Sunday, April 9, 2006
Koraegogi (whale meat)
One thing I forgot to mention in my Haeundae post... while down in Pusan at the Japanese eatery we went to last night, one of the items on the menu was koraegogi, whale meat. 20,000 won (about US$20) for I'm not sure how many pieces.
While I am always tempted to try new things for the sake of trying them (thus my horrific encounter with pŏndegi, or silkworm larvae, when I was a teen), social responsibility takes hold in cases like this and I give it a pass.

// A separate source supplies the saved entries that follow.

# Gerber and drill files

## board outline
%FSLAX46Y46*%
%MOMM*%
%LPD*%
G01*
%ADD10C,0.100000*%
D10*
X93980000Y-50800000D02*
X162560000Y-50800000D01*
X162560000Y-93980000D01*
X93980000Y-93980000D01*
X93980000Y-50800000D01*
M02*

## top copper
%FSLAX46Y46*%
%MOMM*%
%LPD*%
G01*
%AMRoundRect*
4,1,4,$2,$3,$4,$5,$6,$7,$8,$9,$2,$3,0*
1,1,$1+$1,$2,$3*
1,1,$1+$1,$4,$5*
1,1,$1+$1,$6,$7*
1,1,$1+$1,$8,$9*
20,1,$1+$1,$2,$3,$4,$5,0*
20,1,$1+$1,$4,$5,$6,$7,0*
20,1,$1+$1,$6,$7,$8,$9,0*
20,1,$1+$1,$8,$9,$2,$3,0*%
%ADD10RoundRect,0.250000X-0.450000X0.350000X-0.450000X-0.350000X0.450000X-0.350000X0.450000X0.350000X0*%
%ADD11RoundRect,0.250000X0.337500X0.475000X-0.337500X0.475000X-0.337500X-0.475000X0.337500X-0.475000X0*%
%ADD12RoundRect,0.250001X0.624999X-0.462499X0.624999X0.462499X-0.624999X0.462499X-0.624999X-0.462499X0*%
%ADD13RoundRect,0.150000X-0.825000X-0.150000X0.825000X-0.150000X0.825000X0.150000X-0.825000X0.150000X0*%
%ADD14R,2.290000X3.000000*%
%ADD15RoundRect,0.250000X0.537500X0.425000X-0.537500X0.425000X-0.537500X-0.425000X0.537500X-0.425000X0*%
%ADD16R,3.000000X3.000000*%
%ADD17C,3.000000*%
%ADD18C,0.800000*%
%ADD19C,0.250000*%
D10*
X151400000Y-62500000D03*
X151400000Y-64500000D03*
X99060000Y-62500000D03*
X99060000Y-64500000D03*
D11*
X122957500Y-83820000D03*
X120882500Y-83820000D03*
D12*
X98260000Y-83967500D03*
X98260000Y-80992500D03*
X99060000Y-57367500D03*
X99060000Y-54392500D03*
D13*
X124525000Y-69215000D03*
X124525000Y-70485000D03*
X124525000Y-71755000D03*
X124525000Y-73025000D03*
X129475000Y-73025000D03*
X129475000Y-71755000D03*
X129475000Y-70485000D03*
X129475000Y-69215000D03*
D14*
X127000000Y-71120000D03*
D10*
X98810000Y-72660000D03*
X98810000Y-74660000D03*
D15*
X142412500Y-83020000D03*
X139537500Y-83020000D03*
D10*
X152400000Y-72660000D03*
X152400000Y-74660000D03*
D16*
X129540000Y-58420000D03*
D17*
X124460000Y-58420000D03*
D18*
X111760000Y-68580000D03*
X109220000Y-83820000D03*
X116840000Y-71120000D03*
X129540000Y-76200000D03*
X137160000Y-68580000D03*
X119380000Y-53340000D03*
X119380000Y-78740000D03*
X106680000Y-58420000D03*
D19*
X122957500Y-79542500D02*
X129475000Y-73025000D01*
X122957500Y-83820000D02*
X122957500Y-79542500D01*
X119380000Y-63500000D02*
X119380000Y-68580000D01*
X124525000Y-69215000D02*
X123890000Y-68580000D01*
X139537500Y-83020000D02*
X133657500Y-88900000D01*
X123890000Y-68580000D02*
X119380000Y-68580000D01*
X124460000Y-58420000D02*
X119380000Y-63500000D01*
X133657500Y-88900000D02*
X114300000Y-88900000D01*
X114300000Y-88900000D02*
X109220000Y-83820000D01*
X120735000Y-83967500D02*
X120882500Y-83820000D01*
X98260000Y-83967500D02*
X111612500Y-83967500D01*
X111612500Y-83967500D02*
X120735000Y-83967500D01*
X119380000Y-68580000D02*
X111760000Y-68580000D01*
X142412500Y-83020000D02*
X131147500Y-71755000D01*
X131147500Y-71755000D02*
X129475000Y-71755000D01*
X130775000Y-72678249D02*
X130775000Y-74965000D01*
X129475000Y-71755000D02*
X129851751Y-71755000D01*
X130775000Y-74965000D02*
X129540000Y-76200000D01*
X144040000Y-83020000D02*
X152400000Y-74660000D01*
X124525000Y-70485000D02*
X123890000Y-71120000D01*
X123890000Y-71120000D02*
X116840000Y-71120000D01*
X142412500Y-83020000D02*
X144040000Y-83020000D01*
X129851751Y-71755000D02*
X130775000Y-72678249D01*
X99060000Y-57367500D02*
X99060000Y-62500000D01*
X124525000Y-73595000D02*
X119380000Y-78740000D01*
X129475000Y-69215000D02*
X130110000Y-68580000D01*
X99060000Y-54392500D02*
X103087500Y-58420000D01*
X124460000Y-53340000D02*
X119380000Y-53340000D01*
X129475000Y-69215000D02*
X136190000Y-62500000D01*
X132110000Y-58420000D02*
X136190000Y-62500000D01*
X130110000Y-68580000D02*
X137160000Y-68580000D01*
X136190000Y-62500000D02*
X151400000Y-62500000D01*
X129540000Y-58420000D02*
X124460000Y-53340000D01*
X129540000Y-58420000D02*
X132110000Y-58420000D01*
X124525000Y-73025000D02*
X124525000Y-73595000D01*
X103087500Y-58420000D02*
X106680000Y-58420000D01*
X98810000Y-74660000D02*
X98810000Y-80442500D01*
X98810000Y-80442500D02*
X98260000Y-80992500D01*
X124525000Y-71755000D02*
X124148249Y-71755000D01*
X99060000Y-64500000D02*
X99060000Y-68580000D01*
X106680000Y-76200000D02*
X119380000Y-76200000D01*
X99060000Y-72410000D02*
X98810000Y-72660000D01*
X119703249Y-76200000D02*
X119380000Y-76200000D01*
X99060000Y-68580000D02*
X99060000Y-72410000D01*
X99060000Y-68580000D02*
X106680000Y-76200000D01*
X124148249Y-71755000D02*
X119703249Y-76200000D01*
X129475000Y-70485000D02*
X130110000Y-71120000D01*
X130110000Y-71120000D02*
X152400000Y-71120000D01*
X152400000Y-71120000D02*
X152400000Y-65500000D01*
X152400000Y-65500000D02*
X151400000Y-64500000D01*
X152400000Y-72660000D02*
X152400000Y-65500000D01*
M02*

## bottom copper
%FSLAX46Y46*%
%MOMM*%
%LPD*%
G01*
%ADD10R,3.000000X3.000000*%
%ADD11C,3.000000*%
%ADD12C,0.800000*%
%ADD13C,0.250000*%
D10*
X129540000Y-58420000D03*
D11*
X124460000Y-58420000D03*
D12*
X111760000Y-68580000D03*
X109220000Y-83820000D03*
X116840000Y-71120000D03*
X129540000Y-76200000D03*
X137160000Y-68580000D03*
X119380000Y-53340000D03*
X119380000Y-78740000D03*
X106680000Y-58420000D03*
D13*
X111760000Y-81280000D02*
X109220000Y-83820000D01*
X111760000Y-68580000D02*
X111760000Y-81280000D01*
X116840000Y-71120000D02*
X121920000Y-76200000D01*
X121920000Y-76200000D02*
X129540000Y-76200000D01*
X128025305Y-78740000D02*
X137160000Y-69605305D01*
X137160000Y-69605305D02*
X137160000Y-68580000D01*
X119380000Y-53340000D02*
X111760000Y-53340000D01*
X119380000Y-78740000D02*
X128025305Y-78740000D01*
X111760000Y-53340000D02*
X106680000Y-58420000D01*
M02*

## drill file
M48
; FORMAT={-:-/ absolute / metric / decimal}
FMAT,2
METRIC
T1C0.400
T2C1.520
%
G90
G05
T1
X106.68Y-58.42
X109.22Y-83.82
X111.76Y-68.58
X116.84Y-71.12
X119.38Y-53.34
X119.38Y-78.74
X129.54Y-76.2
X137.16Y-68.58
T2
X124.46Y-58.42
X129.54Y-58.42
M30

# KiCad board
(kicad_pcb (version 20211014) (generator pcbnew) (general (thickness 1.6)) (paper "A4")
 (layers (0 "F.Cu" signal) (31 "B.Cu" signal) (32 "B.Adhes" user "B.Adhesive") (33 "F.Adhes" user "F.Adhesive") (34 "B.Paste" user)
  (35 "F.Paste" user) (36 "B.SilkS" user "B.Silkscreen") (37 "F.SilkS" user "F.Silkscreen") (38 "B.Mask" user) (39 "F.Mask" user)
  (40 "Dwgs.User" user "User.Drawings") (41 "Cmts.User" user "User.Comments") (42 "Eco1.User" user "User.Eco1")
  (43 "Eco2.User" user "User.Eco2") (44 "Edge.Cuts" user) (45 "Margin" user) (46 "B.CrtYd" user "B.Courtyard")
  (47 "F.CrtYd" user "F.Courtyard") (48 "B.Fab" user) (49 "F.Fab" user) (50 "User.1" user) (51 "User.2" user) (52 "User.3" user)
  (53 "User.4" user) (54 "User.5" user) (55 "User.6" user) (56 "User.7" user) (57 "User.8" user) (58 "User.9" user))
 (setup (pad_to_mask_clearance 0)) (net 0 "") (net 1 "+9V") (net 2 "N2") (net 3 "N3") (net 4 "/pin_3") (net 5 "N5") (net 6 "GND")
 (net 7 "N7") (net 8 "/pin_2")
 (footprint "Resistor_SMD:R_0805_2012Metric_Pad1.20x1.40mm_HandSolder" (layer "F.Cu") (at 151.4 63.5 -90)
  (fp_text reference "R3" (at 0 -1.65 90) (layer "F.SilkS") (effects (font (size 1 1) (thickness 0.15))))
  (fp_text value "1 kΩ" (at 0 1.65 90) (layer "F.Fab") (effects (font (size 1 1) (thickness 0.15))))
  (pad "1" smd roundrect (at -1 0 270) (size 1.2 1.4) (layers "F.Cu" "F.Paste" "F.Mask") (roundrect_rratio 0.2083333333) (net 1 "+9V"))
  (pad "2" smd roundrect (at 1 0 270) (size 1.2 1.4) (layers "F.Cu" "F.Paste" "F.Mask") (roundrect_rratio 0.2083333333) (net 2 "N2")))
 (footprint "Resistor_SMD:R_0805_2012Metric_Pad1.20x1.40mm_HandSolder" (layer "F.Cu") (at 99.06 63.5 -90)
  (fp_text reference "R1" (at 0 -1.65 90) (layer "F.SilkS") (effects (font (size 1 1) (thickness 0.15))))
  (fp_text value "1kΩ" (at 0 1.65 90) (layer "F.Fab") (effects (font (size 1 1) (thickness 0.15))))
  (pad "1" smd roundrect (at -1 0 270) (size 1.2 1.4) (layers "F.Cu" "F.Paste" "F.Mask") (roundrect_rratio 0.2083333333) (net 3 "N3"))
  (pad "2" smd roundrect (at 1 0 270) (size 1.2 1.4) (layers "F.Cu" "F.Paste" "F.Mask") (roundrect_rratio 0.2083333333) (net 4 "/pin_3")))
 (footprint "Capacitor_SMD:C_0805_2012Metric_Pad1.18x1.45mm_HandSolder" (layer "F.Cu") (at 121.92 83.82 180)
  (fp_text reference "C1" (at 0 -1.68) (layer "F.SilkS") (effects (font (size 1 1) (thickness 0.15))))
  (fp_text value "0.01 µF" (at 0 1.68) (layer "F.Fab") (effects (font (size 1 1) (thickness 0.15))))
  (pad "1" smd roundrect (at -1.0375 0 180) (size 1.175 1.45) (layers "F.Cu" "F.Paste" "F.Mask") (roundrect_rratio 0.2127659574)
   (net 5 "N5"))
  (pad "2" smd roundrect (at 1.0375 0 180) (size 1.175 1.45) (layers "F.Cu" "F.Paste" "F.Mask") (roundrect_rratio 0.2127659574)
   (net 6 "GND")))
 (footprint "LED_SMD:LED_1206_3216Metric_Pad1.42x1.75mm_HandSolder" (layer "F.Cu") (at 98.26 82.48 90)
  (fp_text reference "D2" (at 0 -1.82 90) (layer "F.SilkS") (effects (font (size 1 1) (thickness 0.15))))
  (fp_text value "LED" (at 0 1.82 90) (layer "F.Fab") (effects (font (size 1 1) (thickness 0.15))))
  (pad "1" smd roundrect (at -1.4875 0 90) (size 1.425 1.75) (layers "F.Cu" "F.Paste" "F.Mask") (roundrect_rratio 0.1754392982)
   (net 6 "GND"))
  (pad "2" smd roundrect (at 1.4875 0 90) (size 1.425 1.75) (layers "F.Cu" "F.Paste" "F.Mask") (roundrect_rratio 0.1754392982) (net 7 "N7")))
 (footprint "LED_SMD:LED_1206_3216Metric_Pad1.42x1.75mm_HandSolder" (layer "F.Cu") (at 99.06 55.88 90)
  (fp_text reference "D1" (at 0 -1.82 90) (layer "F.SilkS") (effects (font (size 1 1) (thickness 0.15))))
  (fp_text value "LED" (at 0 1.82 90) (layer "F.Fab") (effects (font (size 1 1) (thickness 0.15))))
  (pad "1" smd roundrect (at -1.4875 0 90) (size 1.425 1.75) (layers "F.Cu" "F.Paste" "F.Mask") (roundrect_rratio 0.1754392982) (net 3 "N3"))
  (pad "2" smd roundrect (at 1.4875 0 90) (size 1.425 1.75) (layers "F.Cu" "F.Paste" "F.Mask") (roundrect_rratio 0.1754392982) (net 1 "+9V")))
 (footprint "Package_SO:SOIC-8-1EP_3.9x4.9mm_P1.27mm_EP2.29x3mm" (layer "F.Cu") (at 127 71.12)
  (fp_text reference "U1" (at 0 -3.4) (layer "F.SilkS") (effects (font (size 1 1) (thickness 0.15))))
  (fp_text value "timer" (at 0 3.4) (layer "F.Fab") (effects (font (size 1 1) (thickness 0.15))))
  (pad "" smd roundrect (at -0.57 0.75) (size 0.92 1.21) (layers "F.Paste") (roundrect_rratio 0.25))
  (pad "" smd roundrect (at 0.57 0.75) (size 0.92 1.21) (layers "F.Paste") (roundrect_rratio 0.25))
  (pad "" smd roundrect (at -0.57 -0.75) (size 0.92 1.21) (layers "F.Paste") (roundrect_rratio 0.25))
  (pad "" smd roundrect (at 0.57 -0.75) (size 0.92 1.21) (layers "F.Paste") (roundrect_rratio 0.25))
  (pad "1" smd roundrect (at -2.475 -1.905) (size 1.95 0.6) (layers "F.Cu" "F.Paste" "F.Mask") (roundrect_rratio 0.25) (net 6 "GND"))
  (pad "2" smd roundrect (at -2.475 -0.635) (size 1.95 0.6) (layers "F.Cu" "F.Paste" "F.Mask") (roundrect_rratio 0.25) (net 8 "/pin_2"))
  (pad "3" smd roundrect (at -2.475 0.635) (size 1.95 0.6) (layers "F.Cu" "F.Paste" "F.Mask") (roundrect_rratio 0.25) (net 4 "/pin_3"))
  (pad "4" smd roundrect (at -2.475 1.905) (size 1.95 0.6) (layers "F.Cu" "F.Paste" "F.Mask") (roundrect_rratio 0.25) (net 1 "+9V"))
  (pad "5" smd roundrect (at 2.475 1.905) (size 1.95 0.6) (layers "F.Cu" "F.Paste" "F.Mask") (roundrect_rratio 0.25) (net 5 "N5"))
  (pad "6" smd roundrect (at 2.475 0.635) (size 1.95 0.6) (layers "F.Cu" "F.Paste" "F.Mask") (roundrect_rratio 0.25) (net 8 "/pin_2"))
  (pad "7" smd roundrect (at 2.475 -0.635) (size 1.95 0.6) (layers "F.Cu" "F.Paste" "F.Mask") (roundrect_rratio 0.25) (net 2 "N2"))
  (pad "8" smd roundrect (at 2.475 -1.905) (size 1.95 0.6) (layers "F.Cu" "F.Paste" "F.Mask") (roundrect_rratio 0.25) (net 1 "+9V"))
  (pad "9" smd rect (at 0 0) (size 2.29 3) (layers "F.Cu" "F.Mask")))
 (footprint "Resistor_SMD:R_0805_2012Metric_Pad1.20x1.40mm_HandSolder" (layer "F.Cu") (at 98.81 73.66 -90)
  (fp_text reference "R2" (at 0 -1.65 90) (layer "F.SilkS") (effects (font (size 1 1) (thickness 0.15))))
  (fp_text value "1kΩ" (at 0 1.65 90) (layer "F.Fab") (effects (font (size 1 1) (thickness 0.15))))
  (pad "1" smd roundrect (at -1 0 270) (size 1.2 1.4) (layers "F.Cu" "F.Paste" "F.Mask") (roundrect_rratio 0.2083333333) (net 4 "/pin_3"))
  (pad "2" smd roundrect (at 1 0 270) (size 1.2 1.4) (layers "F.Cu" "F.Paste" "F.Mask") (roundrect_rratio 0.2083333333) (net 7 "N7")))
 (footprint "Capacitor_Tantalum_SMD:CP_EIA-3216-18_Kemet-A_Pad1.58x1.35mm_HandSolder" (layer "F.Cu") (at 140.975 83.02 180)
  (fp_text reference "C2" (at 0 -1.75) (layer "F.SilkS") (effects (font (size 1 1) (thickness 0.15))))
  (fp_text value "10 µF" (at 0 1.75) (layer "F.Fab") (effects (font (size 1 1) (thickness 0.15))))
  (pad "1" smd roundrect (at -1.4375 0 180) (size 1.575 1.35) (layers "F.Cu" "F.Paste" "F.Mask") (roundrect_rratio 0.1851851852)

While I would love to be able to say I've tried the stuff so that I can include my own perceptions as part of an argument one way or the other, I know that consuming it will be creating demand for more whale meat down the road, even if just in small increments. And given how I feel about the unnecessary and cruel killing of God's intelligent creatures, that would be an inappropriate thing to do. "Trying it" creates demand; and the purveyors of whale meat are trying to jump-start demand by getting people to re-acquire this acquired taste.
I feel similarly about dog meat, a matter where The Marmot and I part company. Unless it can be demonstrated to me that the dogs were not treated cruelly during the time fo their death, transport, or being raised, I will not partake in any kaegogi. This point was underscored for me last month while on Expressway 25, between Kwangju (Gwangju) and Ch'ŏnan (Cheonan).
There I saw a typical flat-bed Porter-style small truck, the back filled with cages which were also piled three-high. Each cage was literally stuffed with live dogs, with so little room they could barely move. Many of the more than one hundred dogs had their faces and/or bodies pressed against the metal mesh of the cage they were in.
To make matters worse, these creatures were completely exposed to the elements as they were being whisked along at 120 kph in freezing weather. I only wish I had a working camera nearby so I could have documented this horrific treatment.
This is like the argument against eating veal: if this is what is required to bring the meat of these creatures to the table, then I want no part. And frankly, I think the current consumption of the animals themselves perpetuates such cruelty.
[above photo: The dogs here are in a situation much like I just described, except that there were three tiers of cages, not just two as in this photo. Also, the dogs were a little smaller than these, so most cages appeared to have three dogs in them, not just two.]